▸ What this task involves
Extract from the entries below, exactly as given, only the lines from the line containing "X129500000Y-79000000D02*" to the line containing "X127150000Y-78550000D02*", both lines included.

▸ Information provided
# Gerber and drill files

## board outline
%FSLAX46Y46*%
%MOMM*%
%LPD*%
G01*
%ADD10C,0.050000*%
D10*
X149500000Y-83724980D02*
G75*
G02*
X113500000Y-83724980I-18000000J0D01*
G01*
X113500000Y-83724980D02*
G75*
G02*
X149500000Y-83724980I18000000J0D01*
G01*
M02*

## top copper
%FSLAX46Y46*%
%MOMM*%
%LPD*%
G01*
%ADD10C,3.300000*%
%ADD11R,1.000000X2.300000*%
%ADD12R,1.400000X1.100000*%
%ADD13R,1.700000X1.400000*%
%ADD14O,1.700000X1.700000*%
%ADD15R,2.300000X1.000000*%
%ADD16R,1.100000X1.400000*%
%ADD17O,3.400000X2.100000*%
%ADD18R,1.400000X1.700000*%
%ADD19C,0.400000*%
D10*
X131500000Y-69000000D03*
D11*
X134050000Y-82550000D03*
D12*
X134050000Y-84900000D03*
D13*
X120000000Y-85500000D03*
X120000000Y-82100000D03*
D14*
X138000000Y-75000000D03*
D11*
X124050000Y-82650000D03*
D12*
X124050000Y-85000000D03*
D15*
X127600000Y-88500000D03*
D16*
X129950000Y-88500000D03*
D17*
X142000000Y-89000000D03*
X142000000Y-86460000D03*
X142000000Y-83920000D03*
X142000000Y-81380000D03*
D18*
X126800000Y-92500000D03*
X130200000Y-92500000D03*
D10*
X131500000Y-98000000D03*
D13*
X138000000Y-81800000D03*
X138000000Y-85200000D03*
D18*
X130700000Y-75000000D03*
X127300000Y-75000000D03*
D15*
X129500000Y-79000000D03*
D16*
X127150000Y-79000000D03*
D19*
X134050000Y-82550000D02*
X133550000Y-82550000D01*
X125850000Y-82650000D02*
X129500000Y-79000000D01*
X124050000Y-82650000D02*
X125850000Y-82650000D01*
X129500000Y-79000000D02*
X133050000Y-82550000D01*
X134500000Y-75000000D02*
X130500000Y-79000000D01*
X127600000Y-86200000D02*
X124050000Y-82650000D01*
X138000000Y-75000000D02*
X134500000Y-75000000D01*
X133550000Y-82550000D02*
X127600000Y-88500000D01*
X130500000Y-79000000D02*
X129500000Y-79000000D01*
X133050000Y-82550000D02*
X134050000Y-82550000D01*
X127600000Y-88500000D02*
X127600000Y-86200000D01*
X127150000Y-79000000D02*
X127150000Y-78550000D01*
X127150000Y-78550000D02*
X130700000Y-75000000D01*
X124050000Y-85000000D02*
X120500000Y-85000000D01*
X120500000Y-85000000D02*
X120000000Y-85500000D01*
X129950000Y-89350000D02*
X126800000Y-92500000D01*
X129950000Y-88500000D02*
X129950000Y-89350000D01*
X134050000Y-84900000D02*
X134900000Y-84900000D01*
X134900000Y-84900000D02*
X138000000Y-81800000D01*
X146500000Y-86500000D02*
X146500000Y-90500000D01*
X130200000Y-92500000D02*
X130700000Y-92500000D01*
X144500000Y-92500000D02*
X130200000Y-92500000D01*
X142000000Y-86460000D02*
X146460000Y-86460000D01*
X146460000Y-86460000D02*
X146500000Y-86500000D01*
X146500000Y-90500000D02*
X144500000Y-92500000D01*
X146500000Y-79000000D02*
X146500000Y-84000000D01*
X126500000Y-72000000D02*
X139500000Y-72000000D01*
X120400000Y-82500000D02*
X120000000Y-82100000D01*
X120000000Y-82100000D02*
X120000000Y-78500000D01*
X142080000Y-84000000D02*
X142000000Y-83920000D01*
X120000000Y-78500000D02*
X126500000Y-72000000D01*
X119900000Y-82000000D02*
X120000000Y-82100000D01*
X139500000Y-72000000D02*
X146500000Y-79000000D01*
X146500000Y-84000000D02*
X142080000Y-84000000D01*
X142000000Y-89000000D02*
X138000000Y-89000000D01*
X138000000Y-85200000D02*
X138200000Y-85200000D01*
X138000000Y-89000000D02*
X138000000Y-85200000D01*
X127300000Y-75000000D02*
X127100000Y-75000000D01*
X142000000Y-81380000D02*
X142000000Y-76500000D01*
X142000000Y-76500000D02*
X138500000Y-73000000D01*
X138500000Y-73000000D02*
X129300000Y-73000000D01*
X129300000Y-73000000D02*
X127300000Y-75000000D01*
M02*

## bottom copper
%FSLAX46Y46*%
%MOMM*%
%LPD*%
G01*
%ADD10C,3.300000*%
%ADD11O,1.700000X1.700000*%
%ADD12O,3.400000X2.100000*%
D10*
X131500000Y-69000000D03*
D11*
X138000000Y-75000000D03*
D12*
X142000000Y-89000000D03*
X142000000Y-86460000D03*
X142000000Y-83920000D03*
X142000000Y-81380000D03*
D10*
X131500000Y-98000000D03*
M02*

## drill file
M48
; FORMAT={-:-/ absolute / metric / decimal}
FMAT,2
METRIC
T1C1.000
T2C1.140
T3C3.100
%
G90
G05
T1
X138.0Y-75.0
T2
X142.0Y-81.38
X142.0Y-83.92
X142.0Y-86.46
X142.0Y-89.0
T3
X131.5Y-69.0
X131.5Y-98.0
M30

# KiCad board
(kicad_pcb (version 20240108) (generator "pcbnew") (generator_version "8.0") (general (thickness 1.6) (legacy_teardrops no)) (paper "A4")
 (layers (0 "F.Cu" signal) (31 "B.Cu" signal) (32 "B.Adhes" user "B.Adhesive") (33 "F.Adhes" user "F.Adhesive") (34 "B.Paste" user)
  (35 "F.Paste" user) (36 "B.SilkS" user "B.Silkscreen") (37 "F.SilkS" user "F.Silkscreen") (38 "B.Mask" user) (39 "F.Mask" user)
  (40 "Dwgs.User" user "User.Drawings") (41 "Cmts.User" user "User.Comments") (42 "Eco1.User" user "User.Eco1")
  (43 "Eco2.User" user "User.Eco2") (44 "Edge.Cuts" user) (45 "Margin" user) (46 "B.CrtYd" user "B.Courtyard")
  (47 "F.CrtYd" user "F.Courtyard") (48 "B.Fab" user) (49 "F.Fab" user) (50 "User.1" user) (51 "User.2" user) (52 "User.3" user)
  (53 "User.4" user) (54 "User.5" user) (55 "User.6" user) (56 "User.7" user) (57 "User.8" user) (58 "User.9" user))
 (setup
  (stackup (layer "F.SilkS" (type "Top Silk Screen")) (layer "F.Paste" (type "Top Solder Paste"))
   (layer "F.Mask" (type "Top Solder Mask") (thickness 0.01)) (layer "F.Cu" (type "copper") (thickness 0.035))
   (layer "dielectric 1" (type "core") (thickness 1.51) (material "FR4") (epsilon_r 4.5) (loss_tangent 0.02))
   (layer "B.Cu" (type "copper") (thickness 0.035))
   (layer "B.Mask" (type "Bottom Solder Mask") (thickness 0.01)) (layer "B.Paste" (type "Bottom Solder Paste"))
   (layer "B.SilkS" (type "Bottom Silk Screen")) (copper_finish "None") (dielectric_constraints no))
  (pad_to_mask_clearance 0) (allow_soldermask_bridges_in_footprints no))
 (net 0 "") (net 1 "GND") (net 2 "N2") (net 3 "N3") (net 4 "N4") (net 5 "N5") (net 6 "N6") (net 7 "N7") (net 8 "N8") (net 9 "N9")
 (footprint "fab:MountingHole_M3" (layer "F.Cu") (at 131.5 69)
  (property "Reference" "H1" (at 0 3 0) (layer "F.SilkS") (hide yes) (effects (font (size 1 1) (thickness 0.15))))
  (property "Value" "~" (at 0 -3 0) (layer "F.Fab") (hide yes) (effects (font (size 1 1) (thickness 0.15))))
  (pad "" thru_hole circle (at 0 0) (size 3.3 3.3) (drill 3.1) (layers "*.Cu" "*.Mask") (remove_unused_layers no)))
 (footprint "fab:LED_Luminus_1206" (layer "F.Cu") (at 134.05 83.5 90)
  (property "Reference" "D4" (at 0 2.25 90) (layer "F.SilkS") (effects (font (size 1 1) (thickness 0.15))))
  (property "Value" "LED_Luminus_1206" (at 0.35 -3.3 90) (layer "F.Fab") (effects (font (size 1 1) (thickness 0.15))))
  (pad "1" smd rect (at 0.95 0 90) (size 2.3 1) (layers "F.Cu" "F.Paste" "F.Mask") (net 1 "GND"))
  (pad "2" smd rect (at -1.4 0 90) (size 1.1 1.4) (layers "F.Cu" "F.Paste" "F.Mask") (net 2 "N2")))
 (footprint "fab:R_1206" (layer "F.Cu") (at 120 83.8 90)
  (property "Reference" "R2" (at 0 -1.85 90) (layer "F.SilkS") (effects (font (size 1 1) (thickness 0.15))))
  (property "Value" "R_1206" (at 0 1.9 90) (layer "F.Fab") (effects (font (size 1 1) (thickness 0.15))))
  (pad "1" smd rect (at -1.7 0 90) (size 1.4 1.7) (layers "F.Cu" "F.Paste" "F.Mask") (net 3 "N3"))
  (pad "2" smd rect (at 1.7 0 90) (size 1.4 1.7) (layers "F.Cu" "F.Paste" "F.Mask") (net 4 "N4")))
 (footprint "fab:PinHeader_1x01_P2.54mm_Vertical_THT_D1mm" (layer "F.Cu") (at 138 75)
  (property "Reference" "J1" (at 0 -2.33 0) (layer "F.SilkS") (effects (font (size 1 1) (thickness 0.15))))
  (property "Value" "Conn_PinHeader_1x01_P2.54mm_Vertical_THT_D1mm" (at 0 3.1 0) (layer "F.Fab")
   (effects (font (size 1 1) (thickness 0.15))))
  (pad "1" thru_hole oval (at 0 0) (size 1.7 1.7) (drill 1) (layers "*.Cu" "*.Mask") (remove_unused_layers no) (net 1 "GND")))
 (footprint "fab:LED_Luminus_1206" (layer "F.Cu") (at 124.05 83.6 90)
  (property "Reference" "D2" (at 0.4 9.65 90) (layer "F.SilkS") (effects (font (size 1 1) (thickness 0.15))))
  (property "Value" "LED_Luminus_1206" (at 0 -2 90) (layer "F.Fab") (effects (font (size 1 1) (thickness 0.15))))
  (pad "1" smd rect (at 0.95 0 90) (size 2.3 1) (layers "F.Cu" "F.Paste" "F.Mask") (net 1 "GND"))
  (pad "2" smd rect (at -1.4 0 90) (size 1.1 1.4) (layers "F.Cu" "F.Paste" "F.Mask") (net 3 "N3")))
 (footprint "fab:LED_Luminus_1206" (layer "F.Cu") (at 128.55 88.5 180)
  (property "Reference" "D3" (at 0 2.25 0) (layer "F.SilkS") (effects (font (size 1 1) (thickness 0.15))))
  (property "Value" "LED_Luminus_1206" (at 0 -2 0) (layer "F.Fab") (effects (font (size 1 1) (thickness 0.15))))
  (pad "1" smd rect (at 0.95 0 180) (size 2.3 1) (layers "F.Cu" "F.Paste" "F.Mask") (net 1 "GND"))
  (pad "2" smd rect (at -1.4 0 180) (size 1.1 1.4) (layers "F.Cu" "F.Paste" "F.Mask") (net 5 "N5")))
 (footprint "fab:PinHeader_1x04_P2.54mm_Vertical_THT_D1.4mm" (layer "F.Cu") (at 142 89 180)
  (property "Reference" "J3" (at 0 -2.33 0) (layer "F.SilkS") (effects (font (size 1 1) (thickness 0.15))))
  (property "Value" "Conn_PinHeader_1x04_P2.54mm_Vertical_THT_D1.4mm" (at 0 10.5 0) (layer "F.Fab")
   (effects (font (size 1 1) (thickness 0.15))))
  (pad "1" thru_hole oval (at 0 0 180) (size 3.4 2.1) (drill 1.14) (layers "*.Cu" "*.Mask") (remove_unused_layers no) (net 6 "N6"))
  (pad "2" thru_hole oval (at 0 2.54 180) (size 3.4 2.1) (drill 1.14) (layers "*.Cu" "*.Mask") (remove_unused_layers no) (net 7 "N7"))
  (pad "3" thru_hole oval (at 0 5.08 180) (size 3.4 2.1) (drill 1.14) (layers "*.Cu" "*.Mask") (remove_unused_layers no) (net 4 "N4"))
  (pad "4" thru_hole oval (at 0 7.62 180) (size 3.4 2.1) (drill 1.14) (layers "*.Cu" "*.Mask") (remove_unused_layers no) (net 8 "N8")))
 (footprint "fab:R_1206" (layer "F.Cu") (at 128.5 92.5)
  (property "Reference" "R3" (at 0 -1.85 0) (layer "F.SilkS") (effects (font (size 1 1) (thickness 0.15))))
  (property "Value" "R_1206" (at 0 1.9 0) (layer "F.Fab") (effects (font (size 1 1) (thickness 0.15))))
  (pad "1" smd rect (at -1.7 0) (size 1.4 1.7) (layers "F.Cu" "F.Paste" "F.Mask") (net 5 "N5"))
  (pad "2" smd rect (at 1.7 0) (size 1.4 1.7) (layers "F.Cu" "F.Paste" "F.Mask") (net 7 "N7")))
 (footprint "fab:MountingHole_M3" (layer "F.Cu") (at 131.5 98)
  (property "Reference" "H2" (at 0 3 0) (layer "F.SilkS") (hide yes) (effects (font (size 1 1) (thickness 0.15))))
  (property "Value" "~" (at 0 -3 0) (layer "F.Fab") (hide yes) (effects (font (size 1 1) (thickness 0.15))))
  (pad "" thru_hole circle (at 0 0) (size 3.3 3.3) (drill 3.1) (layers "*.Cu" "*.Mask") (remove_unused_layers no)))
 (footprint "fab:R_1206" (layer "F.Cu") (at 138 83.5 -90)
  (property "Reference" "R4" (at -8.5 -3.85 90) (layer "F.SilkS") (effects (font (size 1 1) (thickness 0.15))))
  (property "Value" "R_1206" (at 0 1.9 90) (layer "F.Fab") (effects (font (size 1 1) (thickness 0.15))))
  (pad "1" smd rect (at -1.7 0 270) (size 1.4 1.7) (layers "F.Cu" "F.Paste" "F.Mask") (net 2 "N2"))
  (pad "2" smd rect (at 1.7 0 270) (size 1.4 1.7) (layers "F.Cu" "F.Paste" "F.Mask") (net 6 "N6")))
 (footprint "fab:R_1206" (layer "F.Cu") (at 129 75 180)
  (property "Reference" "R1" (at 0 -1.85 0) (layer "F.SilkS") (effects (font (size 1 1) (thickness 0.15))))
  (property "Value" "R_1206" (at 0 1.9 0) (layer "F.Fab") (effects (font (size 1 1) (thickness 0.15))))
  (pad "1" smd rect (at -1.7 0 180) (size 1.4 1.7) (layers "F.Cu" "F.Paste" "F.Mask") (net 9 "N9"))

▸ Exercise answer
X129500000Y-79000000D02*
X133050000Y-82550000D01*
X134500000Y-75000000D02*
X130500000Y-79000000D01*
X127600000Y-86200000D02*
X124050000Y-82650000D01*
X138000000Y-75000000D02*
X134500000Y-75000000D01*
X133550000Y-82550000D02*
X127600000Y-88500000D01*
X130500000Y-79000000D02*
X129500000Y-79000000D01*
X133050000Y-82550000D02*
X134050000Y-82550000D01*
X127600000Y-88500000D02*
X127600000Y-86200000D01*
X127150000Y-79000000D02*
X127150000Y-78550000D01*
X127150000Y-78550000D02*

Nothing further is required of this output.